Stored items:

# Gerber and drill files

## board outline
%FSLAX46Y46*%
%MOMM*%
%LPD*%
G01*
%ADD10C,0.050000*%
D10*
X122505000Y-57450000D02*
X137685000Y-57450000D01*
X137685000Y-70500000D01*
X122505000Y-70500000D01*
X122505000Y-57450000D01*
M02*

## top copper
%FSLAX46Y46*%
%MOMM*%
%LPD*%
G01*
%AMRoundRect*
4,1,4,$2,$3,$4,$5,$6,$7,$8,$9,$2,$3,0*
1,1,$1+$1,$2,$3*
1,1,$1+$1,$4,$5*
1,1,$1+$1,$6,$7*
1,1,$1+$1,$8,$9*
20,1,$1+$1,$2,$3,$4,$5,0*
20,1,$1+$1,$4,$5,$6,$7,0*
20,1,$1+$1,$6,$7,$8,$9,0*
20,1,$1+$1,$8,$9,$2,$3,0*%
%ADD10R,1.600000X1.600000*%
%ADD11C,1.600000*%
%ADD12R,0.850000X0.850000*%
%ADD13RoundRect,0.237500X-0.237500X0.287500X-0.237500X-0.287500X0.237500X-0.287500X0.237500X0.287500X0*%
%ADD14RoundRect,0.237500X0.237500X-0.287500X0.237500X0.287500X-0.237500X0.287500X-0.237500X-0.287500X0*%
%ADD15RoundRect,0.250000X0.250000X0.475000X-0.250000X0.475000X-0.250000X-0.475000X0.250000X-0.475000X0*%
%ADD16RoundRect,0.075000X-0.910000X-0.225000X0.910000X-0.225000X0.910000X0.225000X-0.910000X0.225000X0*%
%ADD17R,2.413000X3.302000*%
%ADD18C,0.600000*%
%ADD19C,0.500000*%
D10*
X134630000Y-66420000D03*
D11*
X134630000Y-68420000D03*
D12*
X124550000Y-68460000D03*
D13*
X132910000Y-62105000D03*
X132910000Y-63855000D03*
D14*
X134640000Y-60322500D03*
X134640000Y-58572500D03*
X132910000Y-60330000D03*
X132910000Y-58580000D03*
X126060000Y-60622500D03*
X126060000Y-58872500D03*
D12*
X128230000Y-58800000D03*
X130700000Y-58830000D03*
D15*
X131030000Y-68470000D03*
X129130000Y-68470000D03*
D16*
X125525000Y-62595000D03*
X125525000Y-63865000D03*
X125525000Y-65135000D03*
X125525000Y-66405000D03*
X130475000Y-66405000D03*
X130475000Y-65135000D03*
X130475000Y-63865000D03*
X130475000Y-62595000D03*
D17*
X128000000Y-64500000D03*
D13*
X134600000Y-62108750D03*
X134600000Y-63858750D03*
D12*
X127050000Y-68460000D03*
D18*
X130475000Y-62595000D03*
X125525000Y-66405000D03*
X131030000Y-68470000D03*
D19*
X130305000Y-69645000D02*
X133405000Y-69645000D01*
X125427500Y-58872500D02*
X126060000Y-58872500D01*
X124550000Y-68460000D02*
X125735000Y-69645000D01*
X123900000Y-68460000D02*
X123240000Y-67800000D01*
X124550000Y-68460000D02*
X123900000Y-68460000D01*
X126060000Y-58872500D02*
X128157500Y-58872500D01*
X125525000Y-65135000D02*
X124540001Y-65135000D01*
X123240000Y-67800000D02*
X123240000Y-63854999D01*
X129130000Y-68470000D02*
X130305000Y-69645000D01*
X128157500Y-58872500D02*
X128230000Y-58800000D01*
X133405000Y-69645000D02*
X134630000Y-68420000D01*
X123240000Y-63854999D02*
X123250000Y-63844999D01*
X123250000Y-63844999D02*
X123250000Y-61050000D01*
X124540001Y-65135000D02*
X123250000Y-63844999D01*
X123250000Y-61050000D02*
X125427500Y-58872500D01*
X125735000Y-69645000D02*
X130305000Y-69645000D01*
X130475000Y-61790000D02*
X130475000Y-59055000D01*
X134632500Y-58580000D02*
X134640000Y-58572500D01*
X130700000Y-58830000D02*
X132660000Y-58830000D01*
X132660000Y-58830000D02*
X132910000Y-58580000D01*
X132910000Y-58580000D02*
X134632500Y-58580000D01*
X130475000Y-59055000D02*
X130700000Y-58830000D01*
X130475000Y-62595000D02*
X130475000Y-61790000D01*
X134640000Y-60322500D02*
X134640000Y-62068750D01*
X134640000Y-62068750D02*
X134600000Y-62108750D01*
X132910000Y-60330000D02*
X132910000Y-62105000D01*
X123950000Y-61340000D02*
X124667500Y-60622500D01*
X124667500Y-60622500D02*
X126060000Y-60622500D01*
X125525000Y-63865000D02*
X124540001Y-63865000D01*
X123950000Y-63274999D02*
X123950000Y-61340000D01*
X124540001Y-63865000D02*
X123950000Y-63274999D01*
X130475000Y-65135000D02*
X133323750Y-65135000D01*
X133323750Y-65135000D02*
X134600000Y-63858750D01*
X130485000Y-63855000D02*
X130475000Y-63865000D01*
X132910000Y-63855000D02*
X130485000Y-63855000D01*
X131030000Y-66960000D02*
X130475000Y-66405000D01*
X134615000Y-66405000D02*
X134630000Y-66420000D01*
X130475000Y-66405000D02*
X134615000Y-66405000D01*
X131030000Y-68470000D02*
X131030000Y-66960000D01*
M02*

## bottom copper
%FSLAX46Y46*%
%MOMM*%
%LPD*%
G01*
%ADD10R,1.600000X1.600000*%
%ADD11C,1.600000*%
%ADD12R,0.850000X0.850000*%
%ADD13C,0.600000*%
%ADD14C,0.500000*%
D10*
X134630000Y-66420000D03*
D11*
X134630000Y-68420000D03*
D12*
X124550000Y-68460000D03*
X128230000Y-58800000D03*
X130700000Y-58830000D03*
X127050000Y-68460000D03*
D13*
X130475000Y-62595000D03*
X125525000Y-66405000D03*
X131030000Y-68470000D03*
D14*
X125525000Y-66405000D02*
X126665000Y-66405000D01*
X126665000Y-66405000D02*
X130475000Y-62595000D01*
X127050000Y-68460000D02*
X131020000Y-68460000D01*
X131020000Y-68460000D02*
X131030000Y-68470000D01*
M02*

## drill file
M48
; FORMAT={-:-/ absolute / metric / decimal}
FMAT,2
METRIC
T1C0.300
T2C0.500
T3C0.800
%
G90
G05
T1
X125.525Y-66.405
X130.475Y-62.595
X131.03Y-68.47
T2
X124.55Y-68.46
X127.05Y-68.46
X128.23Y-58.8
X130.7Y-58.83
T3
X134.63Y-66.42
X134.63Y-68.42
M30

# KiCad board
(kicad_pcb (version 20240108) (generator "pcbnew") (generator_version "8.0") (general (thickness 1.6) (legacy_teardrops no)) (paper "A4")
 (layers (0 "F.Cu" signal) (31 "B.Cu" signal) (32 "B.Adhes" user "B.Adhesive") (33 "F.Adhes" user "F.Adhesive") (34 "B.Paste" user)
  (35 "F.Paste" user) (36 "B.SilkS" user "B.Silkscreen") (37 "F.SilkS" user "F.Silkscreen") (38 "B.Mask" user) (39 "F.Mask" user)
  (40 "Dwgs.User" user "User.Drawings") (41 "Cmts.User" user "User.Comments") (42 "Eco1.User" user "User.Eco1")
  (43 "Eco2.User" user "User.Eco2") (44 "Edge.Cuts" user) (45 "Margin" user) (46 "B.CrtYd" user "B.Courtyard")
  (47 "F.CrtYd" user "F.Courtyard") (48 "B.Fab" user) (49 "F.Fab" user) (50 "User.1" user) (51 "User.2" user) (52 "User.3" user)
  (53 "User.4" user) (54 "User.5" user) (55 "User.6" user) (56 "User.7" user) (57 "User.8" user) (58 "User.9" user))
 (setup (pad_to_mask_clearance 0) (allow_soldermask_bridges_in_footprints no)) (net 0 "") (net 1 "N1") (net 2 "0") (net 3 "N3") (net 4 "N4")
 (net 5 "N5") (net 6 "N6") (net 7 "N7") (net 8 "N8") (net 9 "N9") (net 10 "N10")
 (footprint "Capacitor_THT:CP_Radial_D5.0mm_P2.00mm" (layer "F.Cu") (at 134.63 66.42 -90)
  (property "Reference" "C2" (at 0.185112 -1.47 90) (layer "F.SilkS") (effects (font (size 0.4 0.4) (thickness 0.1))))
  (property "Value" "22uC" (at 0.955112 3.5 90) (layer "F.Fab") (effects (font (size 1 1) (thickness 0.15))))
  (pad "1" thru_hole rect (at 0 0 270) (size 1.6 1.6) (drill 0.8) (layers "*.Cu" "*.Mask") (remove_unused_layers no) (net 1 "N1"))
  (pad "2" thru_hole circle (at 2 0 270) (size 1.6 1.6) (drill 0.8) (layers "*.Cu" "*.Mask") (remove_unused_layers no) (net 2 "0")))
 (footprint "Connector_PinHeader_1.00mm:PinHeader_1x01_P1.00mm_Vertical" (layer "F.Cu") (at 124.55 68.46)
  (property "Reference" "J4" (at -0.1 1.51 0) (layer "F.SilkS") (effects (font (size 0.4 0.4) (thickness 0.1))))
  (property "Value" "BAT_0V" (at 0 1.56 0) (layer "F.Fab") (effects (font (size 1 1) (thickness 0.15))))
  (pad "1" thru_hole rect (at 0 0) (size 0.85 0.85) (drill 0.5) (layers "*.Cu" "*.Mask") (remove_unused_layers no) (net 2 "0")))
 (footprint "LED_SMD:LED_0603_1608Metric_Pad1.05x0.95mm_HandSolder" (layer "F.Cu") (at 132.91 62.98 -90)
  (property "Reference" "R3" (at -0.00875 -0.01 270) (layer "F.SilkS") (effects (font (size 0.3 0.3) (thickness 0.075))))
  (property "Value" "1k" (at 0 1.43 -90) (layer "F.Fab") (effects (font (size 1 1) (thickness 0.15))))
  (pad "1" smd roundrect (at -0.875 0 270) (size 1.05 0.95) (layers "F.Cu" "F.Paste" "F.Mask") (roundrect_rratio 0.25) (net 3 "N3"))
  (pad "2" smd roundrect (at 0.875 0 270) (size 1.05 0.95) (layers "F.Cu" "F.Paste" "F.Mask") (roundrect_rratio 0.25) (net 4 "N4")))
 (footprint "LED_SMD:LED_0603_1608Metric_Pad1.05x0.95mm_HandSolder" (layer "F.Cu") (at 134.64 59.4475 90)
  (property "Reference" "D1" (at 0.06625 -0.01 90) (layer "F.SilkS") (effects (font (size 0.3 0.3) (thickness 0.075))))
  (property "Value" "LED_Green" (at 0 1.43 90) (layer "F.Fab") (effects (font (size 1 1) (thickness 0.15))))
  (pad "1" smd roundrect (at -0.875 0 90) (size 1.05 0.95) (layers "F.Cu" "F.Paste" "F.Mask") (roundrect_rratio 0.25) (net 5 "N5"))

...

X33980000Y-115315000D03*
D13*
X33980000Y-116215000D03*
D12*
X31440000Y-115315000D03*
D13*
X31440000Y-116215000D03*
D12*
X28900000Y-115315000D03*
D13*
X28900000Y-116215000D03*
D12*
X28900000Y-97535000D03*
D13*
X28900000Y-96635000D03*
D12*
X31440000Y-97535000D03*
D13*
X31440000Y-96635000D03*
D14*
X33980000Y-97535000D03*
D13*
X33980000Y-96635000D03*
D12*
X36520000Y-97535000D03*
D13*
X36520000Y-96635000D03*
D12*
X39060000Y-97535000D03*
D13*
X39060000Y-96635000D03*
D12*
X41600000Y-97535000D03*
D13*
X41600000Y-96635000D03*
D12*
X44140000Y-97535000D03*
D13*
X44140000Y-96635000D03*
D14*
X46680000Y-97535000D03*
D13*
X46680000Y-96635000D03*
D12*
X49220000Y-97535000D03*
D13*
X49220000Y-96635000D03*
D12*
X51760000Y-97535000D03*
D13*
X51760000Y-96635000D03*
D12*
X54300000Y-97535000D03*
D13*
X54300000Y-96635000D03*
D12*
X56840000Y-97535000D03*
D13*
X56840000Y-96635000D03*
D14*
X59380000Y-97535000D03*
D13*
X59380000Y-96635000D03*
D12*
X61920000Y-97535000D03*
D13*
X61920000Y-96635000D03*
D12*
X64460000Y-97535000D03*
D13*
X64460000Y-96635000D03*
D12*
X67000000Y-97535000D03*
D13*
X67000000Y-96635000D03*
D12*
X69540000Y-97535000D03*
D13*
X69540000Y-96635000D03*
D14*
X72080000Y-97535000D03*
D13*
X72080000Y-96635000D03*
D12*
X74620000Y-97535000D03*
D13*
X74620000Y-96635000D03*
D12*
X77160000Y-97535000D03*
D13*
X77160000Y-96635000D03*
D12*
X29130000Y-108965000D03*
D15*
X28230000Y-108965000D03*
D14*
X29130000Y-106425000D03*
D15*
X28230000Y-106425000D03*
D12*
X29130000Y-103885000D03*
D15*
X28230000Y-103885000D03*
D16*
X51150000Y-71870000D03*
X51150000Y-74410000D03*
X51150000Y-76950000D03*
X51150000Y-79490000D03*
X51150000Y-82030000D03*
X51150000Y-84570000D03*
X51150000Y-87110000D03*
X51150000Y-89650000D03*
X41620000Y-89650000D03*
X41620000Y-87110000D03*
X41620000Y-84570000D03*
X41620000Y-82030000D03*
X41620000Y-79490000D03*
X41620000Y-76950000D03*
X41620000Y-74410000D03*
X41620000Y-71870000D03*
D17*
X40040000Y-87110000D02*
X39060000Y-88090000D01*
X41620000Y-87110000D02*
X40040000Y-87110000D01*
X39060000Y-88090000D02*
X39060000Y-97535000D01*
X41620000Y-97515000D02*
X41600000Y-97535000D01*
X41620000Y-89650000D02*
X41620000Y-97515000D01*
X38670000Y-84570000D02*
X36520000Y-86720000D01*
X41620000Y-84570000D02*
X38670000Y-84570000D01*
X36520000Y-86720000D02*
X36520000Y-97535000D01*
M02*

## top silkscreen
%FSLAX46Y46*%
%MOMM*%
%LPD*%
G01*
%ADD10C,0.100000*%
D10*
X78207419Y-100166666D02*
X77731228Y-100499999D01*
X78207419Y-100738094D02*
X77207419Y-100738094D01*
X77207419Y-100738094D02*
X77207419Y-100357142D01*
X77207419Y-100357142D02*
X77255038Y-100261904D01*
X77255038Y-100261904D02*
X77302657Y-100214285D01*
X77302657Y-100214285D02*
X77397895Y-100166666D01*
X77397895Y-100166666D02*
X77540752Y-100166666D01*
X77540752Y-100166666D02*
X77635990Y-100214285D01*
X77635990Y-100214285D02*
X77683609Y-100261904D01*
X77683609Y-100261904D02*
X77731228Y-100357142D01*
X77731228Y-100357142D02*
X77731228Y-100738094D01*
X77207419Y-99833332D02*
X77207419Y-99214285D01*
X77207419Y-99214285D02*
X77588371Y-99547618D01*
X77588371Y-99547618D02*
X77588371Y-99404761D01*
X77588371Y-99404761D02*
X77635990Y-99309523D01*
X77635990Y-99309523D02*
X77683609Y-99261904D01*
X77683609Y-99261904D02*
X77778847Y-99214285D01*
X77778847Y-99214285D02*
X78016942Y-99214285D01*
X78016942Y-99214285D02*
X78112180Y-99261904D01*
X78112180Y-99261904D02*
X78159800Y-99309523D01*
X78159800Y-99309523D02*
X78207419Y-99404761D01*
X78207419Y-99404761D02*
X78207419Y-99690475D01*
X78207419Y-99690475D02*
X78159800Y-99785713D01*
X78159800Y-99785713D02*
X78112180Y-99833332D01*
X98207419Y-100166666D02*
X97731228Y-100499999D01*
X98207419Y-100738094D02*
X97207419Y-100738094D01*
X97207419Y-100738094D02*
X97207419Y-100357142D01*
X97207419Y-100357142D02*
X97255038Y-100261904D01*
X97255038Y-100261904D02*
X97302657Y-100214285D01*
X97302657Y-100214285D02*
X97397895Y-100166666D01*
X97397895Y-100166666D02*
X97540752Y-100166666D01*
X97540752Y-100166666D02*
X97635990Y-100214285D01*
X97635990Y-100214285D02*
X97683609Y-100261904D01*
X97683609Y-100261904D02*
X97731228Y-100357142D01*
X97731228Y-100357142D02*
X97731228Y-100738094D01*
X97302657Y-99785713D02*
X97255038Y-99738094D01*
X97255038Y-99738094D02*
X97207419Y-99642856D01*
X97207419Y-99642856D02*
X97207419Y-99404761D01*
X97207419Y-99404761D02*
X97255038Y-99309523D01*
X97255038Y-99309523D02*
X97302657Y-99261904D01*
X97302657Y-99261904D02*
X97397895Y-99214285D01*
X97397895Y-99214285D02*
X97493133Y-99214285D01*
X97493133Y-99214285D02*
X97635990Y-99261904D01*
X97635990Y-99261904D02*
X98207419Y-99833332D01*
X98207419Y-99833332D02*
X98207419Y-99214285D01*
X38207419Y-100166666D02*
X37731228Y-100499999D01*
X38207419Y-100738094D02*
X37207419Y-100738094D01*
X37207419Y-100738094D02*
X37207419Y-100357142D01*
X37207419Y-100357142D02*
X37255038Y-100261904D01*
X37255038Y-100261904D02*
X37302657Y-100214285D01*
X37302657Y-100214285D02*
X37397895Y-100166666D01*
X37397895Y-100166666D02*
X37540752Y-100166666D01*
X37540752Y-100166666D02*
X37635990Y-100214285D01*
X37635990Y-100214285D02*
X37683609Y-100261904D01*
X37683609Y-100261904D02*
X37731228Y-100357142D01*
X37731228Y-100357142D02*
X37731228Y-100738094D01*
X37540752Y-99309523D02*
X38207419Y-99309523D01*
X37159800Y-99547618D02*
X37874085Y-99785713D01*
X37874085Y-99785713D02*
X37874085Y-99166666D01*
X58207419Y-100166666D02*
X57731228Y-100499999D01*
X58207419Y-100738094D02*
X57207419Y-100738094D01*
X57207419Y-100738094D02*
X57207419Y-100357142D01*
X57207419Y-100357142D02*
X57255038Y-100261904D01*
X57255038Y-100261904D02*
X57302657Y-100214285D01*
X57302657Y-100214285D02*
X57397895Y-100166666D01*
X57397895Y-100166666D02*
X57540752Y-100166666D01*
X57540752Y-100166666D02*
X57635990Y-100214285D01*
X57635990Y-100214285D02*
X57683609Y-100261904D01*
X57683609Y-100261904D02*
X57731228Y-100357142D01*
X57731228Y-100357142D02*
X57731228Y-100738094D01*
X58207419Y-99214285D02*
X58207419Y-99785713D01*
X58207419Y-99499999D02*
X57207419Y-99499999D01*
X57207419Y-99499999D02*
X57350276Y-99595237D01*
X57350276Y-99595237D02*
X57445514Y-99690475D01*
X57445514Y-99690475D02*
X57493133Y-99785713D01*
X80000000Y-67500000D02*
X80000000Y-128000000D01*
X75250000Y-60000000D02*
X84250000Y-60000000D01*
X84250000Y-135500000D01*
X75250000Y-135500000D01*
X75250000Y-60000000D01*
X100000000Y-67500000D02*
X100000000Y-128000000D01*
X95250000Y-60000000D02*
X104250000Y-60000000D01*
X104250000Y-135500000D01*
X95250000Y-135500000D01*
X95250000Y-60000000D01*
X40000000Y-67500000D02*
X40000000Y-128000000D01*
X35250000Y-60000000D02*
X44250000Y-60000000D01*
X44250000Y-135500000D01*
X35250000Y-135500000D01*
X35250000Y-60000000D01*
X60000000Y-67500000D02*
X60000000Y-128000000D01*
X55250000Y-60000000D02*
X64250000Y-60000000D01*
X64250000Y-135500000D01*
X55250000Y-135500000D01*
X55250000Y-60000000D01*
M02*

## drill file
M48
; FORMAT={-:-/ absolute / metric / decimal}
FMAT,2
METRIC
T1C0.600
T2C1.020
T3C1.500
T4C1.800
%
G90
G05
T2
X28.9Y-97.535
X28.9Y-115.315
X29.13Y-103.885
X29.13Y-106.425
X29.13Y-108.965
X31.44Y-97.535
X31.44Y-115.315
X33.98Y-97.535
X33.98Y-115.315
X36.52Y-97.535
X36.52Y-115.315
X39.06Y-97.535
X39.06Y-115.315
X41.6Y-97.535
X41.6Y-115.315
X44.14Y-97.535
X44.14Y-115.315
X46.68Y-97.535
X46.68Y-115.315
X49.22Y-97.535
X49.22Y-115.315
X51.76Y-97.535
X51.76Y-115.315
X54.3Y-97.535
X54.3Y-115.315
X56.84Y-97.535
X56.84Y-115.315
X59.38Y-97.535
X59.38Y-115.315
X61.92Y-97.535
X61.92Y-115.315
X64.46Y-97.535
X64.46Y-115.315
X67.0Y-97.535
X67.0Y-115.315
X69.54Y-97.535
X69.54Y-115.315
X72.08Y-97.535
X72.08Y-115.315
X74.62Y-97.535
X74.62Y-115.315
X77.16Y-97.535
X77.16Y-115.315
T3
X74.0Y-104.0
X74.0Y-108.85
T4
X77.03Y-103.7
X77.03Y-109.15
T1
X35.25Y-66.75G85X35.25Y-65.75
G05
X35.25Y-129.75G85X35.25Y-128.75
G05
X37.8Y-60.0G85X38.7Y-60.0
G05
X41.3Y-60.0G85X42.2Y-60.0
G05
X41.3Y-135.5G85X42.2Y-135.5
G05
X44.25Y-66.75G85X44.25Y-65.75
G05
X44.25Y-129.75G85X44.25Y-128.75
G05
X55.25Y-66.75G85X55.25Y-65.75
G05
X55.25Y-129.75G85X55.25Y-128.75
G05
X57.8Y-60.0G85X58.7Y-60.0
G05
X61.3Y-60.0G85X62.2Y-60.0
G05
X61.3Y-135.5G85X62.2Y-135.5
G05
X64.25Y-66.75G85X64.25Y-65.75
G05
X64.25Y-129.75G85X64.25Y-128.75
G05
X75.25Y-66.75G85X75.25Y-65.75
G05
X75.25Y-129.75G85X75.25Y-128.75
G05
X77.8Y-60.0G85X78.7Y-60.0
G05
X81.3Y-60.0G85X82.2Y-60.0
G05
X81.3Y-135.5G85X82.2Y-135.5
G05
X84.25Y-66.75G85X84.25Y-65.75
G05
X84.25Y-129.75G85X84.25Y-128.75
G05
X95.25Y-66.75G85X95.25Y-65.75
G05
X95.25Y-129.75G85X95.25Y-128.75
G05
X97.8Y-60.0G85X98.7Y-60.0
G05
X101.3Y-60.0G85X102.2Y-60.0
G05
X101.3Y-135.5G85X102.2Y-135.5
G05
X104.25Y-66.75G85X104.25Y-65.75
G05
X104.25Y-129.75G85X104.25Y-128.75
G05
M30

— WHAT THE TASK REQUIRES —
Return a word-for-word copy of the lines above from the one holding "X31440000Y-116215000D03*" through the one holding "X41620000Y-82030000D03*", with both of them included and nothing besides.

— RESULT OF THE EXERCISE —
X31440000Y-116215000D03*
D12*
X28900000Y-115315000D03*
D13*
X28900000Y-116215000D03*
D12*
X28900000Y-97535000D03*
D13*
X28900000Y-96635000D03*
D12*
X31440000Y-97535000D03*
D13*
X31440000Y-96635000D03*
D14*
X33980000Y-97535000D03*
D13*
X33980000Y-96635000D03*
D12*
X36520000Y-97535000D03*
D13*
X36520000Y-96635000D03*
D12*
X39060000Y-97535000D03*
D13*
X39060000Y-96635000D03*
D12*
X41600000Y-97535000D03*
D13*
X41600000Y-96635000D03*
D12*
X44140000Y-97535000D03*
D13*
X44140000Y-96635000D03*
D14*
X46680000Y-97535000D03*
D13*
X46680000Y-96635000D03*
D12*
X49220000Y-97535000D03*
D13*
X49220000Y-96635000D03*
D12*
X51760000Y-97535000D03*
D13*
X51760000Y-96635000D03*
D12*
X54300000Y-97535000D03*
D13*
X54300000Y-96635000D03*
D12*
X56840000Y-97535000D03*
D13*
X56840000Y-96635000D03*
D14*
X59380000Y-97535000D03*
D13*
X59380000Y-96635000D03*
D12*
X61920000Y-97535000D03*
D13*
X61920000Y-96635000D03*
D12*
X64460000Y-97535000D03*
D13*
X64460000Y-96635000D03*
D12*
X67000000Y-97535000D03*
D13*
X67000000Y-96635000D03*
D12*
X69540000Y-97535000D03*
D13*
X69540000Y-96635000D03*
D14*
X72080000Y-97535000D03*
D13*
X72080000Y-96635000D03*
D12*
X74620000Y-97535000D03*
D13*
X74620000Y-96635000D03*
D12*
X77160000Y-97535000D03*
D13*
X77160000Y-96635000D03*
D12*
X29130000Y-108965000D03*
D15*
X28230000Y-108965000D03*
D14*
X29130000Y-106425000D03*
D15*
X28230000Y-106425000D03*
D12*
X29130000Y-103885000D03*
D15*
X28230000Y-103885000D03*
D16*
X51150000Y-71870000D03*
X51150000Y-74410000D03*
X51150000Y-76950000D03*
X51150000Y-79490000D03*
X51150000Y-82030000D03*
X51150000Y-84570000D03*
X51150000Y-87110000D03*
X51150000Y-89650000D03*
X41620000Y-89650000D03*
X41620000Y-87110000D03*
X41620000Y-84570000D03*
X41620000Y-82030000D03*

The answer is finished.